→ What is required
The data below holds a line containing "X129200000Y-75400000D01*" and a line containing "X127275000Y-73790000D01*"; please quote exactly those two lines and every line between them, and nothing else.

(Collected data entries)

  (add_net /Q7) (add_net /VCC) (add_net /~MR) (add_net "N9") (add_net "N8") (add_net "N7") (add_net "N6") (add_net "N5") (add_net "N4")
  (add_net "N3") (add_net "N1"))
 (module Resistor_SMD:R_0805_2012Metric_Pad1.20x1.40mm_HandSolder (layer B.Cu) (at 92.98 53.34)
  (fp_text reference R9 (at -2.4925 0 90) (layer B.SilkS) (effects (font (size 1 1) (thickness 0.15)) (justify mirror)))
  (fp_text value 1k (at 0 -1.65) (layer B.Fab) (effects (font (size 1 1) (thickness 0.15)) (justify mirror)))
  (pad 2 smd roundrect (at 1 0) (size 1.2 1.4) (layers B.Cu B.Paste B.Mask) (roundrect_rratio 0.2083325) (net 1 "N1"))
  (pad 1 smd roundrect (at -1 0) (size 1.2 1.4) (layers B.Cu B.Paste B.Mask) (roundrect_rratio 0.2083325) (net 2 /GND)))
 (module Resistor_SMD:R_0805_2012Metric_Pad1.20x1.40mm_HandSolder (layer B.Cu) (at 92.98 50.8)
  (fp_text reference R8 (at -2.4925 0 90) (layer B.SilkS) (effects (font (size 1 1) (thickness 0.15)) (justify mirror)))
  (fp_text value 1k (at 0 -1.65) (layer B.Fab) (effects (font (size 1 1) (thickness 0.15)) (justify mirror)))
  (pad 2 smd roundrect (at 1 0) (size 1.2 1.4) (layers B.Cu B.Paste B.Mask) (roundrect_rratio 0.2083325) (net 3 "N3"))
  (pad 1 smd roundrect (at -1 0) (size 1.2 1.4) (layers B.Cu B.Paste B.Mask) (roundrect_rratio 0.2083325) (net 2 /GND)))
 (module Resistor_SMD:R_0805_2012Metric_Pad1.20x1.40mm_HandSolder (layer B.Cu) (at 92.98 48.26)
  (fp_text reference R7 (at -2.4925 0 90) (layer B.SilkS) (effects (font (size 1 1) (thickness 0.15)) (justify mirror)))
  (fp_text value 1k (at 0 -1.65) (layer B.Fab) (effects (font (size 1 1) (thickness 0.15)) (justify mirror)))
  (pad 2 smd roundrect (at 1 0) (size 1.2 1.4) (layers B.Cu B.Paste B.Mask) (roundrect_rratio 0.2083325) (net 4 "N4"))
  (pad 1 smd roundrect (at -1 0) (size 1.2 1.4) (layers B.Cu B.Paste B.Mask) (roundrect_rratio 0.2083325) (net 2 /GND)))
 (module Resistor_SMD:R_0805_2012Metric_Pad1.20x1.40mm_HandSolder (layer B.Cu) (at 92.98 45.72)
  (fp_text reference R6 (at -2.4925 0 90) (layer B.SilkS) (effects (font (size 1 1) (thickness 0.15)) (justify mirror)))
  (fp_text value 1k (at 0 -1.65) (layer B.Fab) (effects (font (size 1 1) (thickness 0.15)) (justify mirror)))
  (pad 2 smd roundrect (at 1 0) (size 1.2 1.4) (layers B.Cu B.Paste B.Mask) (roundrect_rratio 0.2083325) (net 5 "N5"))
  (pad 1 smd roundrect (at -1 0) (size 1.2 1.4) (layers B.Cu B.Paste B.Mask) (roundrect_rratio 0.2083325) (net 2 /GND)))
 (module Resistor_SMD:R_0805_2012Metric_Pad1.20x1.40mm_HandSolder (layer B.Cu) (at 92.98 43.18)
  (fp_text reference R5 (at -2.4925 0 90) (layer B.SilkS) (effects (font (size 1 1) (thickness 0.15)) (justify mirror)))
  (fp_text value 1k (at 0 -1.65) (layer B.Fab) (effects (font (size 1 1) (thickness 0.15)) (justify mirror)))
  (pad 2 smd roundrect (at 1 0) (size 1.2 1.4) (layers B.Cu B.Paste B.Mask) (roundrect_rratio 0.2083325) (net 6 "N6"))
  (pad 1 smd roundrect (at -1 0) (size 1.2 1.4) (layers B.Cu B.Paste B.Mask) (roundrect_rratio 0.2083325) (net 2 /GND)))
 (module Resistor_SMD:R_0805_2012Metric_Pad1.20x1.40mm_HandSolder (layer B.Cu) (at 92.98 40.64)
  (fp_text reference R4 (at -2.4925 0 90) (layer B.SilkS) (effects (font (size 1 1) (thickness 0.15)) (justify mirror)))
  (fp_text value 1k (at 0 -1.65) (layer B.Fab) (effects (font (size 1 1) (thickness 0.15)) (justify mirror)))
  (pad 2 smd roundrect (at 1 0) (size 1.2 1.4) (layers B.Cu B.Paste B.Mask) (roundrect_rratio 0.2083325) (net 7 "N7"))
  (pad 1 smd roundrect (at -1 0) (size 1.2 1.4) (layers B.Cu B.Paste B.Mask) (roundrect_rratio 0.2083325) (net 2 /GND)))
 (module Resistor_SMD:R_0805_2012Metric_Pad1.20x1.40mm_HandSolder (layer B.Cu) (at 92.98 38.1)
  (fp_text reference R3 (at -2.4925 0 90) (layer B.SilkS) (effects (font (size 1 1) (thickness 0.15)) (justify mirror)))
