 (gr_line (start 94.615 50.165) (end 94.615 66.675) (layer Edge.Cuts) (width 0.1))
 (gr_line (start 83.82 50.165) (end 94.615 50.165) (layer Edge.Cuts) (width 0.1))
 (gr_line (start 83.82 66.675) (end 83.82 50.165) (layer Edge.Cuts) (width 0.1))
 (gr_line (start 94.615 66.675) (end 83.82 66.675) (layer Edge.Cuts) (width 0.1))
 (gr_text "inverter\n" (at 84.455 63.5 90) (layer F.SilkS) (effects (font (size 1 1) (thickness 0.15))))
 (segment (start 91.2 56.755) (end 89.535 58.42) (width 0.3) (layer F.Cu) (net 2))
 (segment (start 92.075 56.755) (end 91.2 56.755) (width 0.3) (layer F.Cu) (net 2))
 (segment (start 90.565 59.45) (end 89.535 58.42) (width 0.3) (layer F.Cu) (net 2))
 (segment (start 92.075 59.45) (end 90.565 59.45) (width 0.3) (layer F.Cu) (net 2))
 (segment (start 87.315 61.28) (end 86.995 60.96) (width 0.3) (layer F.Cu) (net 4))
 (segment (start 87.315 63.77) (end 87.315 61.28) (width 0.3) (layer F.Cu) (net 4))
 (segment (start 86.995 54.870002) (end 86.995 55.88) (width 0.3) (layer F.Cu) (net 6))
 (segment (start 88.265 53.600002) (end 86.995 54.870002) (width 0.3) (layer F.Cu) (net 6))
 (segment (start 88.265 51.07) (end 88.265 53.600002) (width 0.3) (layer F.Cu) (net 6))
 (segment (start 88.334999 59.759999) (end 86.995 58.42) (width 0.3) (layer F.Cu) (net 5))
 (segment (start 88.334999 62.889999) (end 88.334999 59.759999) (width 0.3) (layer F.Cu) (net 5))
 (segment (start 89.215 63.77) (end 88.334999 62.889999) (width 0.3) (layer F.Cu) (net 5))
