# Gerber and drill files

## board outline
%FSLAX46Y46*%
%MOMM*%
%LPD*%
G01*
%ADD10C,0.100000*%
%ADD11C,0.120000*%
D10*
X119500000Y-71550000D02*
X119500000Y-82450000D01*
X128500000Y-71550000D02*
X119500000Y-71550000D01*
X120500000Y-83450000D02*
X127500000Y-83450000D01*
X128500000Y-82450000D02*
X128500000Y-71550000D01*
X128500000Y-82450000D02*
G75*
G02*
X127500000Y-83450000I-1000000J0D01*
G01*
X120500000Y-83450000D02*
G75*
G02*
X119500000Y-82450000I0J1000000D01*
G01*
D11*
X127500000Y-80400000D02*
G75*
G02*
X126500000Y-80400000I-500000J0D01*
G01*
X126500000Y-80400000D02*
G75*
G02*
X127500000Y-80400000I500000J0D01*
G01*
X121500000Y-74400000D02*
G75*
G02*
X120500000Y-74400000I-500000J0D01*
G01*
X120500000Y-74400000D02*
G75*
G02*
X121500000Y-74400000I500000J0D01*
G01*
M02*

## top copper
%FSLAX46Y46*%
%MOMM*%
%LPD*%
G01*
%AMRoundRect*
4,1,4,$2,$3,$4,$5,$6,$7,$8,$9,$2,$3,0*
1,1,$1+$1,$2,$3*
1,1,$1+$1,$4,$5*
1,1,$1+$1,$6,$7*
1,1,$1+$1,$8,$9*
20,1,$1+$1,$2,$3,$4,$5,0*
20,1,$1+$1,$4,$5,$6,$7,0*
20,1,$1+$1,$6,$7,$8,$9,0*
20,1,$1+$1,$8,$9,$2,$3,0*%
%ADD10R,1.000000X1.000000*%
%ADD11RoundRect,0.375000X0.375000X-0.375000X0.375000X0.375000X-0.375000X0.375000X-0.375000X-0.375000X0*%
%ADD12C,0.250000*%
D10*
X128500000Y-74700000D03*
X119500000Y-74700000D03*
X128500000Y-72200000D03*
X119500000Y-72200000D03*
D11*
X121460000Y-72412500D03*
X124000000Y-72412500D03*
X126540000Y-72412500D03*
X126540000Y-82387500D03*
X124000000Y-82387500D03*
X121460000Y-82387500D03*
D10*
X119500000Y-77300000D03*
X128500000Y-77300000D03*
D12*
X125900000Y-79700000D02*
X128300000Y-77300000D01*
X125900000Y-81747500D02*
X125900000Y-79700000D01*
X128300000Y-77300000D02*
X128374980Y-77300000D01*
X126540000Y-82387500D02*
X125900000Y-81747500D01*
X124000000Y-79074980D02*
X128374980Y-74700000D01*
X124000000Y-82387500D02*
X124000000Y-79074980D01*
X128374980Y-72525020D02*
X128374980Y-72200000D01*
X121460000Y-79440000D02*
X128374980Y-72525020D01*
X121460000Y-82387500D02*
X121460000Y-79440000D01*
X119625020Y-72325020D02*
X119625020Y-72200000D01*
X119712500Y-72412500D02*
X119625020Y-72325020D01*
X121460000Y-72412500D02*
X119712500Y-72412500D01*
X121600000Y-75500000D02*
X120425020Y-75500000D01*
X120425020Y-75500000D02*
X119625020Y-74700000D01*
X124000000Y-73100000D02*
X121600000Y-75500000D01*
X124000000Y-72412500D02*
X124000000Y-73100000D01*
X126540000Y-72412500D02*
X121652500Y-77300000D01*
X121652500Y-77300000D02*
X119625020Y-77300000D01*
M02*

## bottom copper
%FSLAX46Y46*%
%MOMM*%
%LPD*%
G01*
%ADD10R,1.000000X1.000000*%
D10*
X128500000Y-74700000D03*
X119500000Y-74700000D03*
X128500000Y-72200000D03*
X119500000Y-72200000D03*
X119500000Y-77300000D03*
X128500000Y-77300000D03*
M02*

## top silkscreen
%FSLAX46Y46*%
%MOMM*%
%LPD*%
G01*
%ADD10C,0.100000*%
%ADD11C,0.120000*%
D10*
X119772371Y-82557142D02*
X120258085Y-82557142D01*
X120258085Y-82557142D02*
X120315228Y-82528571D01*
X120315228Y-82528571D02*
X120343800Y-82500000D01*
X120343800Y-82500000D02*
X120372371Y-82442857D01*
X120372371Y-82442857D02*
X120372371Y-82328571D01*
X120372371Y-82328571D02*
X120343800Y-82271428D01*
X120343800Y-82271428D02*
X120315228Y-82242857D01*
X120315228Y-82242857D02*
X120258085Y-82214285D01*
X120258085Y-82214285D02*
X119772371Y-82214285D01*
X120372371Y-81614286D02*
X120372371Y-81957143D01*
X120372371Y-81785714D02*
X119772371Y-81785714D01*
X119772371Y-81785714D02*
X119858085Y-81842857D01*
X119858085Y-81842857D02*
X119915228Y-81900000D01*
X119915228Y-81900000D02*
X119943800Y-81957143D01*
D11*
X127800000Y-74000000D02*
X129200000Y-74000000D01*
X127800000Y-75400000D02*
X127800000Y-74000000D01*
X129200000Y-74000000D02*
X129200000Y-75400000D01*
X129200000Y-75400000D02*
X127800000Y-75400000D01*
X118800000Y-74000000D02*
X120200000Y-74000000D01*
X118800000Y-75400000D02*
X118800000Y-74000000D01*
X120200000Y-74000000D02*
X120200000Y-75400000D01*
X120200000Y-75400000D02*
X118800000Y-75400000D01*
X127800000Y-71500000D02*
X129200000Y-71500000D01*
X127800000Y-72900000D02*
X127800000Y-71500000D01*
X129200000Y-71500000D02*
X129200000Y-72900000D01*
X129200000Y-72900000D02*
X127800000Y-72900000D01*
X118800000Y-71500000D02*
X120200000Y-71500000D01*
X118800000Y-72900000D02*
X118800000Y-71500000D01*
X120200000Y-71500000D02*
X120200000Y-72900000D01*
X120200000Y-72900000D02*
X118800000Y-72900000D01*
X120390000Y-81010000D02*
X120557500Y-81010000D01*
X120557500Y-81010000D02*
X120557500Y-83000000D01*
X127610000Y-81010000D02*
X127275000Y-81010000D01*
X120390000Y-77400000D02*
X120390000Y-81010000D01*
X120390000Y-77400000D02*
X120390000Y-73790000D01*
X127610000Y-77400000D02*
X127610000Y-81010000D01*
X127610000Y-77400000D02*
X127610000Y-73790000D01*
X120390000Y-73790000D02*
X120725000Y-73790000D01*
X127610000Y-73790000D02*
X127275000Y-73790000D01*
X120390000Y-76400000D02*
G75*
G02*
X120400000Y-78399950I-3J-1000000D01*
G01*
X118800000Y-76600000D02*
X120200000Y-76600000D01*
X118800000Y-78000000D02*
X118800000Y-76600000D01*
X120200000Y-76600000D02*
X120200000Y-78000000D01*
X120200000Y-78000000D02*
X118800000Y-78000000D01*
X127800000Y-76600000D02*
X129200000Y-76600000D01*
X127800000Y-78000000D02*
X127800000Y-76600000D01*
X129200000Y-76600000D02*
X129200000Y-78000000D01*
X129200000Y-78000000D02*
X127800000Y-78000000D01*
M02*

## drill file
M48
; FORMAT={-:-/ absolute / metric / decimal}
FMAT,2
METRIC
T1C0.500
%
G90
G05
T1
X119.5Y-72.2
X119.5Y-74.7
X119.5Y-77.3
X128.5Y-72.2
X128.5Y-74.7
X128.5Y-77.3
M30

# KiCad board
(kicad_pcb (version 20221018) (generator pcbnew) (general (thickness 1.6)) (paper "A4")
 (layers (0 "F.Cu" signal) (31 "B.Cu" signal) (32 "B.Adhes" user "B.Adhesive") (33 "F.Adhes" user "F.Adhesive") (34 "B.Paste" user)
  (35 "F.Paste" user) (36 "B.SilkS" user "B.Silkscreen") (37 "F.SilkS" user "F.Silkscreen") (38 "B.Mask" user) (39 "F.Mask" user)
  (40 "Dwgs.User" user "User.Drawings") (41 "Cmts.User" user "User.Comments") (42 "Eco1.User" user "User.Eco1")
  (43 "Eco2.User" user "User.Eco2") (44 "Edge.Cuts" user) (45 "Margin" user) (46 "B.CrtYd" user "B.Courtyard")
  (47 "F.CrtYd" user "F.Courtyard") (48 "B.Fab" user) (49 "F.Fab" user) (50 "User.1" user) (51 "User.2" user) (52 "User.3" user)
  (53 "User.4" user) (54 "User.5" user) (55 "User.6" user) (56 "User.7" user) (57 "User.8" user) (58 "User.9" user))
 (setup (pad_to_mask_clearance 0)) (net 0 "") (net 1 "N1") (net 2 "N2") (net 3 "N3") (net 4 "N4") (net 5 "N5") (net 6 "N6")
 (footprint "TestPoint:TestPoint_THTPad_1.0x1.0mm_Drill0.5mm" (layer "F.Cu") (at 128.5 74.7)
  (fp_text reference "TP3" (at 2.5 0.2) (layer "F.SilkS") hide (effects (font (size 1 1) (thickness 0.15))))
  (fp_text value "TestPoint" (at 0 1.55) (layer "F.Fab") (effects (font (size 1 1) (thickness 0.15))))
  (fp_line (start -0.7 -0.7) (end 0.7 -0.7) (stroke (width 0.12) (type solid)) (layer "F.SilkS"))
  (fp_line (start -0.7 0.7) (end -0.7 -0.7) (stroke (width 0.12) (type solid)) (layer "F.SilkS"))
  (fp_line (start 0.7 -0.7) (end 0.7 0.7) (stroke (width 0.12) (type solid)) (layer "F.SilkS"))
  (fp_line (start 0.7 0.7) (end -0.7 0.7) (stroke (width 0.12) (type solid)) (layer "F.SilkS"))
  (pad "1" thru_hole rect (at 0 0) (size 1 1) (drill 0.5) (layers "*.Cu" "*.Mask") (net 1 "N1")))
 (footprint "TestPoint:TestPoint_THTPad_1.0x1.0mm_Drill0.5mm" (layer "F.Cu") (at 119.5 74.7)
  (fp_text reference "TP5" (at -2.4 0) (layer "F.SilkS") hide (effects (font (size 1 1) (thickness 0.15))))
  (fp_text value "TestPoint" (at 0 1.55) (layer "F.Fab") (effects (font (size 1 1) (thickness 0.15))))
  (fp_line (start -0.7 -0.7) (end 0.7 -0.7) (stroke (width 0.12) (type solid)) (layer "F.SilkS"))
  (fp_line (start -0.7 0.7) (end -0.7 -0.7) (stroke (width 0.12) (type solid)) (layer "F.SilkS"))
  (fp_line (start 0.7 -0.7) (end 0.7 0.7) (stroke (width 0.12) (type solid)) (layer "F.SilkS"))
  (fp_line (start 0.7 0.7) (end -0.7 0.7) (stroke (width 0.12) (type solid)) (layer "F.SilkS"))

→ Exercise output
X129200000Y-75400000D01*
X129200000Y-75400000D02*
X127800000Y-75400000D01*
X118800000Y-74000000D02*
X120200000Y-74000000D01*
X118800000Y-75400000D02*
X118800000Y-74000000D01*
X120200000Y-74000000D02*
X120200000Y-75400000D01*
X120200000Y-75400000D02*
X118800000Y-75400000D01*
X127800000Y-71500000D02*
X129200000Y-71500000D01*
X127800000Y-72900000D02*
X127800000Y-71500000D01*
X129200000Y-71500000D02*
X129200000Y-72900000D01*
X129200000Y-72900000D02*
X127800000Y-72900000D01*
X118800000Y-71500000D02*
X120200000Y-71500000D01*
X118800000Y-72900000D02*
X118800000Y-71500000D01*
X120200000Y-71500000D02*
X120200000Y-72900000D01*
X120200000Y-72900000D02*
X118800000Y-72900000D01*
X120390000Y-81010000D02*
X120557500Y-81010000D01*
X120557500Y-81010000D02*
X120557500Y-83000000D01*
X127610000Y-81010000D02*
X127275000Y-81010000D01*
X120390000Y-77400000D02*
X120390000Y-81010000D01*
X120390000Y-77400000D02*
X120390000Y-73790000D01*
X127610000Y-77400000D02*
X127610000Y-81010000D01*
X127610000Y-77400000D02*
X127610000Y-73790000D01*
X120390000Y-73790000D02*
X120725000Y-73790000D01*
X127610000Y-73790000D02*
X127275000Y-73790000D01*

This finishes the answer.